◆ WHAT YOU HAVE TO DO
From the listing below, pull each line that includes "Reference".

++++++++++

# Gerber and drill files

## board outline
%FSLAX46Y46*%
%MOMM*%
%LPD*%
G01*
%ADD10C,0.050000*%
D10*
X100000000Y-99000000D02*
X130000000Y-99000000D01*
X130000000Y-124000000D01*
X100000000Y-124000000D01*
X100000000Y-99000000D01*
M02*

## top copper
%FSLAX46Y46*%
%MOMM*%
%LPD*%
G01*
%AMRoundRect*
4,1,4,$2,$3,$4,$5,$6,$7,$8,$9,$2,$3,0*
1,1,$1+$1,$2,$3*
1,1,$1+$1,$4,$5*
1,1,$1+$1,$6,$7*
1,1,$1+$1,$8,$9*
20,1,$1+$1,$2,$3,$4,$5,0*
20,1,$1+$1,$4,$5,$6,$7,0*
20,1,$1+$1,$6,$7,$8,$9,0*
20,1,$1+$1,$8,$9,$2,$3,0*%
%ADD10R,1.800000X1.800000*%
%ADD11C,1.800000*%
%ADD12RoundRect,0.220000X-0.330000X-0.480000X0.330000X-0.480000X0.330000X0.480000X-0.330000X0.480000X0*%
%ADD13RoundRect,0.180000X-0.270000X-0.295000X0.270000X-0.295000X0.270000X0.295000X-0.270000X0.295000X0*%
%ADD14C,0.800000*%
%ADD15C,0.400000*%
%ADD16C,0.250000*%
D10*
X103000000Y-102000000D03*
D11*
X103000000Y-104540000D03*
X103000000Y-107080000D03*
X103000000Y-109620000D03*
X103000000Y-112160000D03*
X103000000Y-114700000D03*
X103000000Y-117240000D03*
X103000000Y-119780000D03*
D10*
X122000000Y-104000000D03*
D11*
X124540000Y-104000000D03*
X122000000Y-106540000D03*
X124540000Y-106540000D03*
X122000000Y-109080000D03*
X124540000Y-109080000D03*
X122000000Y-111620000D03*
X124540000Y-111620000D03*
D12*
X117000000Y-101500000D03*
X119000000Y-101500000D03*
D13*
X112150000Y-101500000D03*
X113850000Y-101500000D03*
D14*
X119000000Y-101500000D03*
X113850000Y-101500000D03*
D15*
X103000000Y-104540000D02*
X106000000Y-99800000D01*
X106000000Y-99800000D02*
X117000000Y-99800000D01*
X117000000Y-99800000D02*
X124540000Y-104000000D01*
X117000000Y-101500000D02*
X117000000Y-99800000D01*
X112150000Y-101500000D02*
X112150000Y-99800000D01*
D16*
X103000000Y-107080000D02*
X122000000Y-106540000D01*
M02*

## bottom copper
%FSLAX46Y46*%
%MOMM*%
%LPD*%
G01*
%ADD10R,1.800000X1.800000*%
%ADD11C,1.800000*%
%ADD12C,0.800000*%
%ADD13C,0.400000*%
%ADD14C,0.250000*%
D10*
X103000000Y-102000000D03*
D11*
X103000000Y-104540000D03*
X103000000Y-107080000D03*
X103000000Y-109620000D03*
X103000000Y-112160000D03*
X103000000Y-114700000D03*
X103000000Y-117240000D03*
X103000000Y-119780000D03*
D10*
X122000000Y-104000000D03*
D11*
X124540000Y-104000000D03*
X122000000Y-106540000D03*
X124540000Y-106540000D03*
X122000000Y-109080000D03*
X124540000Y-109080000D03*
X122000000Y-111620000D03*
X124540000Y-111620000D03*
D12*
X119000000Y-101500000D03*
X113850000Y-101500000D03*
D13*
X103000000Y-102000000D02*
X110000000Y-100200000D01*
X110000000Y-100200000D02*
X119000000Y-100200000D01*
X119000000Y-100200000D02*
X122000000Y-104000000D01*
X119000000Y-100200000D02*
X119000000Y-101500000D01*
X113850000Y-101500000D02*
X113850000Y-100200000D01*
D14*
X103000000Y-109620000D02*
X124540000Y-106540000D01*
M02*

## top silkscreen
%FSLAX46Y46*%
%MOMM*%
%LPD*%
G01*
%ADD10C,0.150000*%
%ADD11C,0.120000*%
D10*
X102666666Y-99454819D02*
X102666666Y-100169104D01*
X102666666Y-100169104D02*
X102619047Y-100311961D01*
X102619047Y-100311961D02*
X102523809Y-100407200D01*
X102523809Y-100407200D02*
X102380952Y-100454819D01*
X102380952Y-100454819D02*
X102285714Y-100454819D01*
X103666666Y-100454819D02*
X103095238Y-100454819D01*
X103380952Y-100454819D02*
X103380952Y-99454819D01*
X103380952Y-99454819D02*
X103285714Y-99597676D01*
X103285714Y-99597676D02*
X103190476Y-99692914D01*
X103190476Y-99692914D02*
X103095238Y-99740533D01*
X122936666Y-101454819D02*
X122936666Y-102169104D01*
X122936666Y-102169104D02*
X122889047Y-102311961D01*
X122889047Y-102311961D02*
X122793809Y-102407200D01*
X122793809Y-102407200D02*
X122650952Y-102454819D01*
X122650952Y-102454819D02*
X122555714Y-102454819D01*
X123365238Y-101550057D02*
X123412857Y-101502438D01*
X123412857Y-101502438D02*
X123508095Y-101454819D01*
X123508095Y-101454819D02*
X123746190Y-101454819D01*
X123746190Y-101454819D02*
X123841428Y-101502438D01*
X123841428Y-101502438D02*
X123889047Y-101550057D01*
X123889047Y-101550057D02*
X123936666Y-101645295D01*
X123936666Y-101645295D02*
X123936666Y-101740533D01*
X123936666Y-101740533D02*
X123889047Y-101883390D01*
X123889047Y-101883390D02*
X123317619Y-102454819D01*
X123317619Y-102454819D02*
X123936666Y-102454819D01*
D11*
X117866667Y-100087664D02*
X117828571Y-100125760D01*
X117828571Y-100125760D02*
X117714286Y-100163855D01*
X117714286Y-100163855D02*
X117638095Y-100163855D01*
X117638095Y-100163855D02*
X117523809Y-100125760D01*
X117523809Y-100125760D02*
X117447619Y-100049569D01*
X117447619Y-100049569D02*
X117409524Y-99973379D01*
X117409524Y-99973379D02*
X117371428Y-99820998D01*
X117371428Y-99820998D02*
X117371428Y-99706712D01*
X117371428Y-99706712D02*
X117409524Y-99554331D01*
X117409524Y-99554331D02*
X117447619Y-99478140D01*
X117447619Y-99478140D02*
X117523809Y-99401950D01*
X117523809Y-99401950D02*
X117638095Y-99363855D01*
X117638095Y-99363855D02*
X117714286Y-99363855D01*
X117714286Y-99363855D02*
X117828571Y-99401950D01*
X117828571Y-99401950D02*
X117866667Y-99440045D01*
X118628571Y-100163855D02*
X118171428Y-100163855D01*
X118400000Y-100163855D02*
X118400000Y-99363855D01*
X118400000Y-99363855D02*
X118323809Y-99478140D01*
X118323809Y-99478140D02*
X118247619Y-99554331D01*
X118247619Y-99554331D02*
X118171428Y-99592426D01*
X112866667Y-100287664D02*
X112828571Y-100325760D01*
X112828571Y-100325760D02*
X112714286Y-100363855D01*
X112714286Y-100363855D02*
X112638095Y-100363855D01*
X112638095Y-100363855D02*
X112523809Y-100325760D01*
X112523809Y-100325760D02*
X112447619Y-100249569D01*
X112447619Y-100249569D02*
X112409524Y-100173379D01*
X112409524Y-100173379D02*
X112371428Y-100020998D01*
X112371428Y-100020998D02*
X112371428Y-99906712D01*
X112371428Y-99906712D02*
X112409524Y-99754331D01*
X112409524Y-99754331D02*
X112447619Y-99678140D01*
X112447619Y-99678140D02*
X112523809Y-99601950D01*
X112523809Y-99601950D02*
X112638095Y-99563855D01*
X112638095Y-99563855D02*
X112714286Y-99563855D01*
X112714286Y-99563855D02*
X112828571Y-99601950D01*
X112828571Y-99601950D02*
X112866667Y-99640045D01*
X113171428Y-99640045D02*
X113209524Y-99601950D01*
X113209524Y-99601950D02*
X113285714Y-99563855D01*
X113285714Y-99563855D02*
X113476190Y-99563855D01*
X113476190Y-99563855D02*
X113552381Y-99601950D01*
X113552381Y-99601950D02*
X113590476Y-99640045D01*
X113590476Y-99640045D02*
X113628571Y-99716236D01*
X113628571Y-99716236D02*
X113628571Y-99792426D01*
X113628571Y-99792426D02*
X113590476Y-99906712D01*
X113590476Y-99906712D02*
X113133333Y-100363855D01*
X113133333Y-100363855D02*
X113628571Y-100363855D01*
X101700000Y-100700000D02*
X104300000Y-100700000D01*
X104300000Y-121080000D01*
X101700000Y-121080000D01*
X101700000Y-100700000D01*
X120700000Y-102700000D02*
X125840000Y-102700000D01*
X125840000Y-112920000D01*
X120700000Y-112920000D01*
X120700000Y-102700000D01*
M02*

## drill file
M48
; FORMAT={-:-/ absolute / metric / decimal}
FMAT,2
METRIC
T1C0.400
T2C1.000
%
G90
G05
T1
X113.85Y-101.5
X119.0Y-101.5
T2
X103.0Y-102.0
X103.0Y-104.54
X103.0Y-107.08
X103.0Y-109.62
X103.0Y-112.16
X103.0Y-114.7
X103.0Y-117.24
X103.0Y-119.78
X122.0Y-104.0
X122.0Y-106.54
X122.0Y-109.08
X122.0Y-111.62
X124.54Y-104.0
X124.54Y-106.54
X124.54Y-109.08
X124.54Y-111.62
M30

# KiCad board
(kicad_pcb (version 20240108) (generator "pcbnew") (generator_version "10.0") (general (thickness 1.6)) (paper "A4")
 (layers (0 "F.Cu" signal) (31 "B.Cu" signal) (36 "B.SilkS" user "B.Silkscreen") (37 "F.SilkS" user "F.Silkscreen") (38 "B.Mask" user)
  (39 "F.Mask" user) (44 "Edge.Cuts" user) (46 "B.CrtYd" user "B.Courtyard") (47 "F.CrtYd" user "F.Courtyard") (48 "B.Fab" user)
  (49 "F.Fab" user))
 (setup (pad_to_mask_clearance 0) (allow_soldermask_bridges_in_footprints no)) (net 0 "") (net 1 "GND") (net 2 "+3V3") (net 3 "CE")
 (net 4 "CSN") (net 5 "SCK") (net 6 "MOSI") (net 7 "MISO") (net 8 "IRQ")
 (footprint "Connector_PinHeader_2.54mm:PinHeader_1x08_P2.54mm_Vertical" (layer "F.Cu") (at 103 102)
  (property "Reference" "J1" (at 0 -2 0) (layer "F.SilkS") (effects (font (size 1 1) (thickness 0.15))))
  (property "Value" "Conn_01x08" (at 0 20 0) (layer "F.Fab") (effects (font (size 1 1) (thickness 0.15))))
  (fp_rect (start -1.3 -1.3) (end 1.3 19.08) (stroke (width 0.12) (type default)) (fill none) (layer "F.SilkS"))
  (pad "1" thru_hole rect (at 0 0) (size 1.8 1.8) (drill 1) (layers "*.Cu" "*.Mask") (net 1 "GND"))
  (pad "2" thru_hole circle (at 0 2.54) (size 1.8 1.8) (drill 1) (layers "*.Cu" "*.Mask") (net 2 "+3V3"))
  (pad "3" thru_hole circle (at 0 5.08) (size 1.8 1.8) (drill 1) (layers "*.Cu" "*.Mask") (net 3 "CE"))
  (pad "4" thru_hole circle (at 0 7.62) (size 1.8 1.8) (drill 1) (layers "*.Cu" "*.Mask") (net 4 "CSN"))
  (pad "5" thru_hole circle (at 0 10.16) (size 1.8 1.8) (drill 1) (layers "*.Cu" "*.Mask") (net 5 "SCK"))
  (pad "6" thru_hole circle (at 0 12.7) (size 1.8 1.8) (drill 1) (layers "*.Cu" "*.Mask") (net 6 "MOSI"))
  (pad "7" thru_hole circle (at 0 15.24) (size 1.8 1.8) (drill 1) (layers "*.Cu" "*.Mask") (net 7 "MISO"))
  (pad "8" thru_hole circle (at 0 17.78) (size 1.8 1.8) (drill 1) (layers "*.Cu" "*.Mask") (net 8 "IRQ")))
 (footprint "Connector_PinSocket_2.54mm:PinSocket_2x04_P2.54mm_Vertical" (layer "F.Cu") (at 122 104)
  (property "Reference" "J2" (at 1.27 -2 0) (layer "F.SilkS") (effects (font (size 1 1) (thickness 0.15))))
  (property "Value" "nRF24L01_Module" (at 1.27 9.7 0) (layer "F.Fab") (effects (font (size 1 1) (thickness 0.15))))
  (fp_rect (start -1.3 -1.3) (end 3.84 8.92) (stroke (width 0.12) (type default)) (fill none) (layer "F.SilkS"))
  (pad "1" thru_hole rect (at 0 0) (size 1.8 1.8) (drill 1) (layers "*.Cu" "*.Mask") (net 1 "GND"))
  (pad "2" thru_hole circle (at 2.54 0) (size 1.8 1.8) (drill 1) (layers "*.Cu" "*.Mask") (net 2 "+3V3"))
  (pad "3" thru_hole circle (at 0 2.54) (size 1.8 1.8) (drill 1) (layers "*.Cu" "*.Mask") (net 3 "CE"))
  (pad "4" thru_hole circle (at 2.54 2.54) (size 1.8 1.8) (drill 1) (layers "*.Cu" "*.Mask") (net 4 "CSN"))
  (pad "5" thru_hole circle (at 0 5.08) (size 1.8 1.8) (drill 1) (layers "*.Cu" "*.Mask") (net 5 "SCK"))
  (pad "6" thru_hole circle (at 2.54 5.08) (size 1.8 1.8) (drill 1) (layers "*.Cu" "*.Mask") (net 6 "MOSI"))
  (pad "7" thru_hole circle (at 0 7.62) (size 1.8 1.8) (drill 1) (layers "*.Cu" "*.Mask") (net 7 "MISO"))
  (pad "8" thru_hole circle (at 2.54 7.62) (size 1.8 1.8) (drill 1) (layers "*.Cu" "*.Mask") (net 8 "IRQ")))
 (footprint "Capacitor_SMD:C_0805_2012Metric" (layer "F.Cu") (at 118 101.5)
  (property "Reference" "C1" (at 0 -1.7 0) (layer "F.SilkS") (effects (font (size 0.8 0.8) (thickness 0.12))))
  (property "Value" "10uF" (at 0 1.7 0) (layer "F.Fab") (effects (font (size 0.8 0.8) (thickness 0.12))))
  (pad "1" smd roundrect (at -1 0) (size 1.1 1.4) (layers "F.Cu" "F.Paste" "F.Mask") (roundrect_rratio 0.2) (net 2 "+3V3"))
  (pad "2" smd roundrect (at 1 0) (size 1.1 1.4) (layers "F.Cu" "F.Paste" "F.Mask") (roundrect_rratio 0.2) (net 1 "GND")))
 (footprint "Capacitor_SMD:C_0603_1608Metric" (layer "F.Cu") (at 113 101.5)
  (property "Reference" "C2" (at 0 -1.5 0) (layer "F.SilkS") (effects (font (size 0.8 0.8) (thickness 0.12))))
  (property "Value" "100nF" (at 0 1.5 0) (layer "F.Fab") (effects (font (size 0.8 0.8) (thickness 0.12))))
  (pad "1" smd roundrect (at -0.85 0) (size 0.9 0.95) (layers "F.Cu" "F.Paste" "F.Mask") (roundrect_rratio 0.2) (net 2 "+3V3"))
  (pad "2" smd roundrect (at 0.85 0) (size 0.9 0.95) (layers "F.Cu" "F.Paste" "F.Mask") (roundrect_rratio 0.2) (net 1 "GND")))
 (gr_rect (start 100 99) (end 130 124) (stroke (width 0.05) (type default)) (fill none) (layer "Edge.Cuts"))
 (segment (start 103 102) (end 110 100.2) (width 0.4) (layer "B.Cu") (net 1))
 (segment (start 110 100.2) (end 119 100.2) (width 0.4) (layer "B.Cu") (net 1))
 (segment (start 119 100.2) (end 122 104) (width 0.4) (layer "B.Cu") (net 1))
 (segment (start 119 100.2) (end 119 101.5) (width 0.4) (layer "B.Cu") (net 1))
 (segment (start 113.85 101.5) (end 113.85 100.2) (width 0.4) (layer "B.Cu") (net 1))
 (segment (start 103 104.54) (end 106 99.8) (width 0.4) (layer "F.Cu") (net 2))
 (segment (start 106 99.8) (end 117 99.8) (width 0.4) (layer "F.Cu") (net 2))
 (segment (start 117 99.8) (end 124.54 104) (width 0.4) (layer "F.Cu") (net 2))
 (segment (start 117 101.5) (end 117 99.8) (width 0.4) (layer "F.Cu") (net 2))
 (segment (start 112.15 101.5) (end 112.15 99.8) (width 0.4) (layer "F.Cu") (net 2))
 (segment (start 103 107.08) (end 122 106.54) (width 0.25) (layer "F.Cu") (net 3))
 (segment (start 103 109.62) (end 124.54 106.54) (width 0.25) (layer "B.Cu") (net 4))
 (via (at 119 101.5) (size 0.8) (drill 0.4) (layers "F.Cu" "B.Cu") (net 1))
 (via (at 113.85 101.5) (size 0.8) (drill 0.4) (layers "F.Cu" "B.Cu") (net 1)))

++++++++++

◆ THE ANSWER
  (property "Reference" "J1" (at 0 -2 0) (layer "F.SilkS") (effects (font (size 1 1) (thickness 0.15))))
  (property "Reference" "J2" (at 1.27 -2 0) (layer "F.SilkS") (effects (font (size 1 1) (thickness 0.15))))
  (property "Reference" "C1" (at 0 -1.7 0) (layer "F.SilkS") (effects (font (size 0.8 0.8) (thickness 0.12))))
  (property "Reference" "C2" (at 0 -1.5 0) (layer "F.SilkS") (effects (font (size 0.8 0.8) (thickness 0.12))))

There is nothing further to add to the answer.